Acetaminophen use during pregnancy was not associated with children’s risk of autism, ADHD, or intellectual disability in sibling control analysis. This suggests that associations observed in other models may have been attributable to familial confounding.

The authors are referring to a handful of earlier studies that suggested a link. In brief, again, the overall scientific consensus is currently that there does not appear to be a link between acetaminophen use in early pregnancy and autism spectrum disorders. Nor is there good evidence that folate use (or leucovorin use) during pregnancy can prevent autism, although there is very good evidence that folate deficiency can lead to neural tube defects, which is why folate supplementation has long been recommended during pregnancy.

We’ll see what the report says later this month, of course. Speculation about whether it will include vaccines as an “environmental cause” of autism is rampant. It is, of course, is possible that RFK Jr. is saving vaccines for a subsequent report and focusing first on a disproven link between acetaminophen use during early pregnancy and autism and suggesting that leucovorin, because it supposedly passes the blood-brain barrier easier than folate, can prevent autism, the better to deflect against charges that he is antivaccine and that the report had a predetermined conclusion. My guess is that RFK Jr. won’t be able to help himself and knows that failure to mention vaccines in this first report would cause a major row among his followers.

MAHA: Health as virtue

As I’ve discussed before, like the philosophies on which MAHA is based, MAHA tends to deny external causes of disease that modern pharmaceuticals address, such as pathogenic bacteria that can be treated with antibiotics and pathogenic bacteria and viruses that can be prevented with vaccines, in favor of the idea that one’s health is nearly totally within one’s own control through one’s own virtue. Similarly, it tends to deny internal causes of disease, such as genetic predispositions, because genetic predisposition to disease means that one cannot be in near-total control of one’s own health through virtuous behavior, such as consuming a healthy diet and avoiding unhealthy foods, exercising, and taking the right supplements. To do this, large swaths of modern science must be denied or minimized, which is why I have been referring to MAHA as Lysenkoism 2.0, after Trofim Lysenko, whose lack of belief in genetics as science had come to understand it in favor of a more ideological conception of agricultural science worsened famines across the USSR during his three decades as the preeminent Soviet agricultural science. To this end, all agencies in HHS, including NIH, are being what I like to refer to as Lysenko-ized in service of MAHA’s ideological science.
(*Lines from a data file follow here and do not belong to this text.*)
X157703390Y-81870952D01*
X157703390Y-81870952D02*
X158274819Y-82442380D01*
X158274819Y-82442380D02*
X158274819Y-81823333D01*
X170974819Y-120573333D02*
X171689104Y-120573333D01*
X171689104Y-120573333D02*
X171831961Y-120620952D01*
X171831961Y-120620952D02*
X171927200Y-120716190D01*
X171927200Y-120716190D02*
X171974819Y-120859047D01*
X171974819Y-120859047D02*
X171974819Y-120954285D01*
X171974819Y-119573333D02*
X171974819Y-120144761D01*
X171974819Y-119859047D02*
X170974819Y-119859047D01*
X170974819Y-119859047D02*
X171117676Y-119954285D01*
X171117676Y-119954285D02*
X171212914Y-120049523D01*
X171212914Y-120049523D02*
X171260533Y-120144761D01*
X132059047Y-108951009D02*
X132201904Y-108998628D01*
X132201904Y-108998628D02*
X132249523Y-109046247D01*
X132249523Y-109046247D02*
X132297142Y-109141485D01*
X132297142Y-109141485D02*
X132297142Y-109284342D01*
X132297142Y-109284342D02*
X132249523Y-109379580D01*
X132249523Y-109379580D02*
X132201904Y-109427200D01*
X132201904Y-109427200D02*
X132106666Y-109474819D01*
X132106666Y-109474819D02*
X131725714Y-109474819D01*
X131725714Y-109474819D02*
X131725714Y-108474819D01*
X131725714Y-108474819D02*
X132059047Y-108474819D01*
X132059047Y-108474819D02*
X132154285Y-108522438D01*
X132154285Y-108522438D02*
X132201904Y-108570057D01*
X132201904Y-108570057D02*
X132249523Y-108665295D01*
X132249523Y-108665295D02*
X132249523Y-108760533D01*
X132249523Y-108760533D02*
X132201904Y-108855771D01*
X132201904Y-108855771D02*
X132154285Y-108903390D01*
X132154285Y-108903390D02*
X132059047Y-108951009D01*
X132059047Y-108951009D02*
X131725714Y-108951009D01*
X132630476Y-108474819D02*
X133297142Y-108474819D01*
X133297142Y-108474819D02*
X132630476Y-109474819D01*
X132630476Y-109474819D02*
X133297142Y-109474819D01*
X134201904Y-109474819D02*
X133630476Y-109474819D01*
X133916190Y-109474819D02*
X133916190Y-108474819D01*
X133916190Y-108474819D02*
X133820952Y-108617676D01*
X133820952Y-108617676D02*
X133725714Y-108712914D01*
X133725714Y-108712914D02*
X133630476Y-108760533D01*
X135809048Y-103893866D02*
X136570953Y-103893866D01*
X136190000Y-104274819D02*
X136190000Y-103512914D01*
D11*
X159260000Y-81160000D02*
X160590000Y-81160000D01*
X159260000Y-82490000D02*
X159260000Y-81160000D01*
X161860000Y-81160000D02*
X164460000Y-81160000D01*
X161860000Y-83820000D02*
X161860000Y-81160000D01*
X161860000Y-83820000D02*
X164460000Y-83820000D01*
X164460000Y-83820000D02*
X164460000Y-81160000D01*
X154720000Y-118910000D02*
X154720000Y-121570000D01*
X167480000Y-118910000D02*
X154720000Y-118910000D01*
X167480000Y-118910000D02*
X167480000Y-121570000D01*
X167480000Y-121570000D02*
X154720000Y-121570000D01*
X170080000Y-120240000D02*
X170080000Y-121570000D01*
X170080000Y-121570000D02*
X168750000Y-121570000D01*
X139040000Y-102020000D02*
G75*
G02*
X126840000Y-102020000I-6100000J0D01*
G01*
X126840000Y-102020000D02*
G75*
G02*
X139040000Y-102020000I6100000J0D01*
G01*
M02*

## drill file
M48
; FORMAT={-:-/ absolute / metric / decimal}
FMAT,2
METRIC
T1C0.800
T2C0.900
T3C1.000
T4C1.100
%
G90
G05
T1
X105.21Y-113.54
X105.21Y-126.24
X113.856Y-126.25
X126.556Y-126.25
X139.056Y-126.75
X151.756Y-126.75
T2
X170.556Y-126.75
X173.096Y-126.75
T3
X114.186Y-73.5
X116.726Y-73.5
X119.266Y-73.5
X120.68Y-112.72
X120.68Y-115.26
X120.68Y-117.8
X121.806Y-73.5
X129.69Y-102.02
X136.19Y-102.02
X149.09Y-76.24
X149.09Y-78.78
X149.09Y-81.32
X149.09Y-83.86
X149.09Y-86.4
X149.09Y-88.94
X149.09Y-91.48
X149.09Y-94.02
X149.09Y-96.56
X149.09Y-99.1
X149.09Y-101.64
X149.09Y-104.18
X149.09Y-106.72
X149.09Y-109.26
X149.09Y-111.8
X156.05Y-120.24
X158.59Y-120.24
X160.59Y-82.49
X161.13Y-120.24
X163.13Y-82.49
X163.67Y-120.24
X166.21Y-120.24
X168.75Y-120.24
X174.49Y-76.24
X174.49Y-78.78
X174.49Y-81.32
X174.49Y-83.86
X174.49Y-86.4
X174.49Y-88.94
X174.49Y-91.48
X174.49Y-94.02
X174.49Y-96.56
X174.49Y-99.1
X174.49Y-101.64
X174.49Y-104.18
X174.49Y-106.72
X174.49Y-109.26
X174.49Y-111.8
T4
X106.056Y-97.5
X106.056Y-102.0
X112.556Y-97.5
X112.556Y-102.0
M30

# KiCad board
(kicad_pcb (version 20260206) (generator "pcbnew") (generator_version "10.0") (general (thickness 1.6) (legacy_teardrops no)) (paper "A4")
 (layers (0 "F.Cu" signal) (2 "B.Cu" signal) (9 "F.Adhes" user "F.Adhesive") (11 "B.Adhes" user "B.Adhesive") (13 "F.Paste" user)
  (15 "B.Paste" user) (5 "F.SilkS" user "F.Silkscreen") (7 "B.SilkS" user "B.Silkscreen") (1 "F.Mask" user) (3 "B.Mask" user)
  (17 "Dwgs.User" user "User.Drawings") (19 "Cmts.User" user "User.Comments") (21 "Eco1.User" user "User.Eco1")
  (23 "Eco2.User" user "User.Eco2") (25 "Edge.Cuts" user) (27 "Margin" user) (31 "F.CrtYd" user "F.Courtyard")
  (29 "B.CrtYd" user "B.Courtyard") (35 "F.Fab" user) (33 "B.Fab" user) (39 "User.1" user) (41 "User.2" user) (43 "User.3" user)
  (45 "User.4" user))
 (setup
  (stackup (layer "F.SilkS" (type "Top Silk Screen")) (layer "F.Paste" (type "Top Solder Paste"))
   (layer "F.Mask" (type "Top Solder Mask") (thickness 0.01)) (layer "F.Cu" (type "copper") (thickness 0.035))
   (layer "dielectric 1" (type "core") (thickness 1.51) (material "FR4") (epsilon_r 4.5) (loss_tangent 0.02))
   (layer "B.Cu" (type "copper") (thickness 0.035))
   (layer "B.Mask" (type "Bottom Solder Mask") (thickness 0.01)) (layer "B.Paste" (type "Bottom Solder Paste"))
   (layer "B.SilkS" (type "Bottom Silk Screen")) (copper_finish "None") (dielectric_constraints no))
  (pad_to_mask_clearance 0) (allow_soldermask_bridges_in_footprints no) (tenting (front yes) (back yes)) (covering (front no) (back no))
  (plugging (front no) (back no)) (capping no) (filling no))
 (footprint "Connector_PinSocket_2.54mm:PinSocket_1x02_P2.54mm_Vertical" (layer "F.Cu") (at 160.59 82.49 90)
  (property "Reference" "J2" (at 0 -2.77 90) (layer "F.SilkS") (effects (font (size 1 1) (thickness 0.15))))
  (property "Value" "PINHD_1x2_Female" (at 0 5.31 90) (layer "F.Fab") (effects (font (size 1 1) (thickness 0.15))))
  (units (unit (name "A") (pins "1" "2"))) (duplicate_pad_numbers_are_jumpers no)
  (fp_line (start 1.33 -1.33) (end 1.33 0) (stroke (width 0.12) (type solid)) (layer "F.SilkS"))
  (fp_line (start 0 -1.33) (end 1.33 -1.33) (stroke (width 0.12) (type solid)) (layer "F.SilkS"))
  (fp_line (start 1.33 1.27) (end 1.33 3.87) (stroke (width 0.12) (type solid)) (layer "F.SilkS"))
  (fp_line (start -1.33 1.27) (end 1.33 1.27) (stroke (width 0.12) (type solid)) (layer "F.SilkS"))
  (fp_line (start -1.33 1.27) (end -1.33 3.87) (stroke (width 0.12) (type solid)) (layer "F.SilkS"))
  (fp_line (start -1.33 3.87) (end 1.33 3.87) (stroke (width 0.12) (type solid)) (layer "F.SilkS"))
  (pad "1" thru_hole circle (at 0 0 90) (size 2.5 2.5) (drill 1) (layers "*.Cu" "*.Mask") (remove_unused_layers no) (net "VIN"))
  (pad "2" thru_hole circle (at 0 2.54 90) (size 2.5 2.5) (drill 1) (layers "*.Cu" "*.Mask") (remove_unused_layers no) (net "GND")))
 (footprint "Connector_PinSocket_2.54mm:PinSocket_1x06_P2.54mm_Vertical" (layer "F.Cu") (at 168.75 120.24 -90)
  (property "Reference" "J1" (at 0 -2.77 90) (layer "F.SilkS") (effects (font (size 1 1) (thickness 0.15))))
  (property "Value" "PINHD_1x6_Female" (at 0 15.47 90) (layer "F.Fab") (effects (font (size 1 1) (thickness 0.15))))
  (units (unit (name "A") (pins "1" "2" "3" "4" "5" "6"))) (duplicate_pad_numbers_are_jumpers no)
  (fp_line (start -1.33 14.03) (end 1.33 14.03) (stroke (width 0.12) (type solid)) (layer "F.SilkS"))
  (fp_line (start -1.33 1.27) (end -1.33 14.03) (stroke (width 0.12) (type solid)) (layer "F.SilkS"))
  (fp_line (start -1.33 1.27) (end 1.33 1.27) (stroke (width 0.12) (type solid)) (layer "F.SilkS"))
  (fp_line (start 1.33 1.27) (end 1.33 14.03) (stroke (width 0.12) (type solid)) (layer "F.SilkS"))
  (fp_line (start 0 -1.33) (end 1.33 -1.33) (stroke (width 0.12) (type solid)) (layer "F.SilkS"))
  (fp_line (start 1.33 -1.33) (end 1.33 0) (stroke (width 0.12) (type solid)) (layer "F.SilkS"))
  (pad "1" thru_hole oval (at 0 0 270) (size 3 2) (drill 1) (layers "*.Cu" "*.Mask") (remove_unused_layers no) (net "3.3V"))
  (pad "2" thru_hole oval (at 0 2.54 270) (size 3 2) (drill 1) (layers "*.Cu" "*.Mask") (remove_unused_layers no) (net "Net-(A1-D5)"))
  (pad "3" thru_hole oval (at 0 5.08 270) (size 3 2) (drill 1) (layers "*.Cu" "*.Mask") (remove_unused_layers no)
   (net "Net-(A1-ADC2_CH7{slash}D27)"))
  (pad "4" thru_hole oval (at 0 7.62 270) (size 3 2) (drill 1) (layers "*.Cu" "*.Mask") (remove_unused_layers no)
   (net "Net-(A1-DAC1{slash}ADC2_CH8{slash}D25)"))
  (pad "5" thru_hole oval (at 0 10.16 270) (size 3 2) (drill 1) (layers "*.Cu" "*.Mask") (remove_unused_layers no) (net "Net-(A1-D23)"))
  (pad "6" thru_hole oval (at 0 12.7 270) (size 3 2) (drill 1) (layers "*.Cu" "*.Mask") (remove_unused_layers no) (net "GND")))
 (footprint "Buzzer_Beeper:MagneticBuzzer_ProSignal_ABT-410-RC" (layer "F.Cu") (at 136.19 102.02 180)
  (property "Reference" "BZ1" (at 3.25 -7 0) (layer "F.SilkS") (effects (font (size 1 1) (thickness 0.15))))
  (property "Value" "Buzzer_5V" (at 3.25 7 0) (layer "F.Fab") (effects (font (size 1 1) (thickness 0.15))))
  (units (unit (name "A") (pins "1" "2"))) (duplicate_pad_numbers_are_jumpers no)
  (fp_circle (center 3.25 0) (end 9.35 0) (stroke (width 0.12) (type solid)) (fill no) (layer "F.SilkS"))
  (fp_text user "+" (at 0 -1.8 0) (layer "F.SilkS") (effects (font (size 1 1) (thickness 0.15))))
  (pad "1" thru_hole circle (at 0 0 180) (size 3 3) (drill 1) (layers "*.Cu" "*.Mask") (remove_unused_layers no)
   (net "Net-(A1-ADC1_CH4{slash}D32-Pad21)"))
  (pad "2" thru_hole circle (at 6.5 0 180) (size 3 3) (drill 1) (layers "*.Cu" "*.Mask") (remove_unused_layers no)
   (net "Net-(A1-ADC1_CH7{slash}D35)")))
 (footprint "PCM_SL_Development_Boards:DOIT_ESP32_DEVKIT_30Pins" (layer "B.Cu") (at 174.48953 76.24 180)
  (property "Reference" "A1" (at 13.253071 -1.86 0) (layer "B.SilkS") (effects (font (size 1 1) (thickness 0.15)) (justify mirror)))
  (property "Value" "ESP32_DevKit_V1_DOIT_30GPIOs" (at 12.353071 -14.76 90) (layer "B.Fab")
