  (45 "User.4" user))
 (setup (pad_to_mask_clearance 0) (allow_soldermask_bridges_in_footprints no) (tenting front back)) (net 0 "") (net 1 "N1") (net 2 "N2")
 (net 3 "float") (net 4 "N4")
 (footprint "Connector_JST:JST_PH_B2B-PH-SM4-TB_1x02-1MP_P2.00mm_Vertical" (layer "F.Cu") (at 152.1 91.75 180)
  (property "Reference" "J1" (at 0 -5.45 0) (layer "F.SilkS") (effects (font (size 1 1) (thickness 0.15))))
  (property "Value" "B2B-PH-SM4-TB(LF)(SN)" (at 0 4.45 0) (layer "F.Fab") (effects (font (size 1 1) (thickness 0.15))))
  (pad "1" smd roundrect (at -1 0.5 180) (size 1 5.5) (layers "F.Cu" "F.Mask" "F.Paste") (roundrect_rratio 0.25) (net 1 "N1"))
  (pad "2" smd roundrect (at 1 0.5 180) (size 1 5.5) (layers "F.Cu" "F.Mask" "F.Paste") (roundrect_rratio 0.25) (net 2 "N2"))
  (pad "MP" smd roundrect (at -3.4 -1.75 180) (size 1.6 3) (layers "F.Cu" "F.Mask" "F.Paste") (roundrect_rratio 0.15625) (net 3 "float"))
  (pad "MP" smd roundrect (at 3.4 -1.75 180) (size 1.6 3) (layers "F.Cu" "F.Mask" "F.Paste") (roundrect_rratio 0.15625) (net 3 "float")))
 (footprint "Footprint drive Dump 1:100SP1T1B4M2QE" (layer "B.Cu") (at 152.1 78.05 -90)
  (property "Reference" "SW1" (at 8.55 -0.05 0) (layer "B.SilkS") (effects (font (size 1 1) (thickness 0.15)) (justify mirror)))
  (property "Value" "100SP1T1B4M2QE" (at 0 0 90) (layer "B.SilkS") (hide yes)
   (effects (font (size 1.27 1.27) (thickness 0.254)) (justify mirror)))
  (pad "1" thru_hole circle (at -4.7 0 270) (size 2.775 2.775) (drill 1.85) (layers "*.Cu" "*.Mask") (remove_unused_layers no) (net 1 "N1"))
Unfortunately, I fear that the results will be similar to those resulting from Trofim Lysenko’s control of Soviet agriculture from the 1930s to the early 1960s, only worse. After all, Lysenko only controlled Soviet agricultural science at the national level. RFK Jr. controls all non-military medical science. The damage he has already caused will likely take a generation or more to repair; that is, if it is repairable at all. Certainly, I highly doubt that I will live to see it repaired and will likely live long enough to see it get much worse. This is what happens when someone hostile to science that he doesn’t like is elected President and then promises to let an antivaxxer and germ theory denier “go wild on health.” Unfortunately, “going wild on health” is exactly what RFK Jr. is doing, and we will all suffer for it.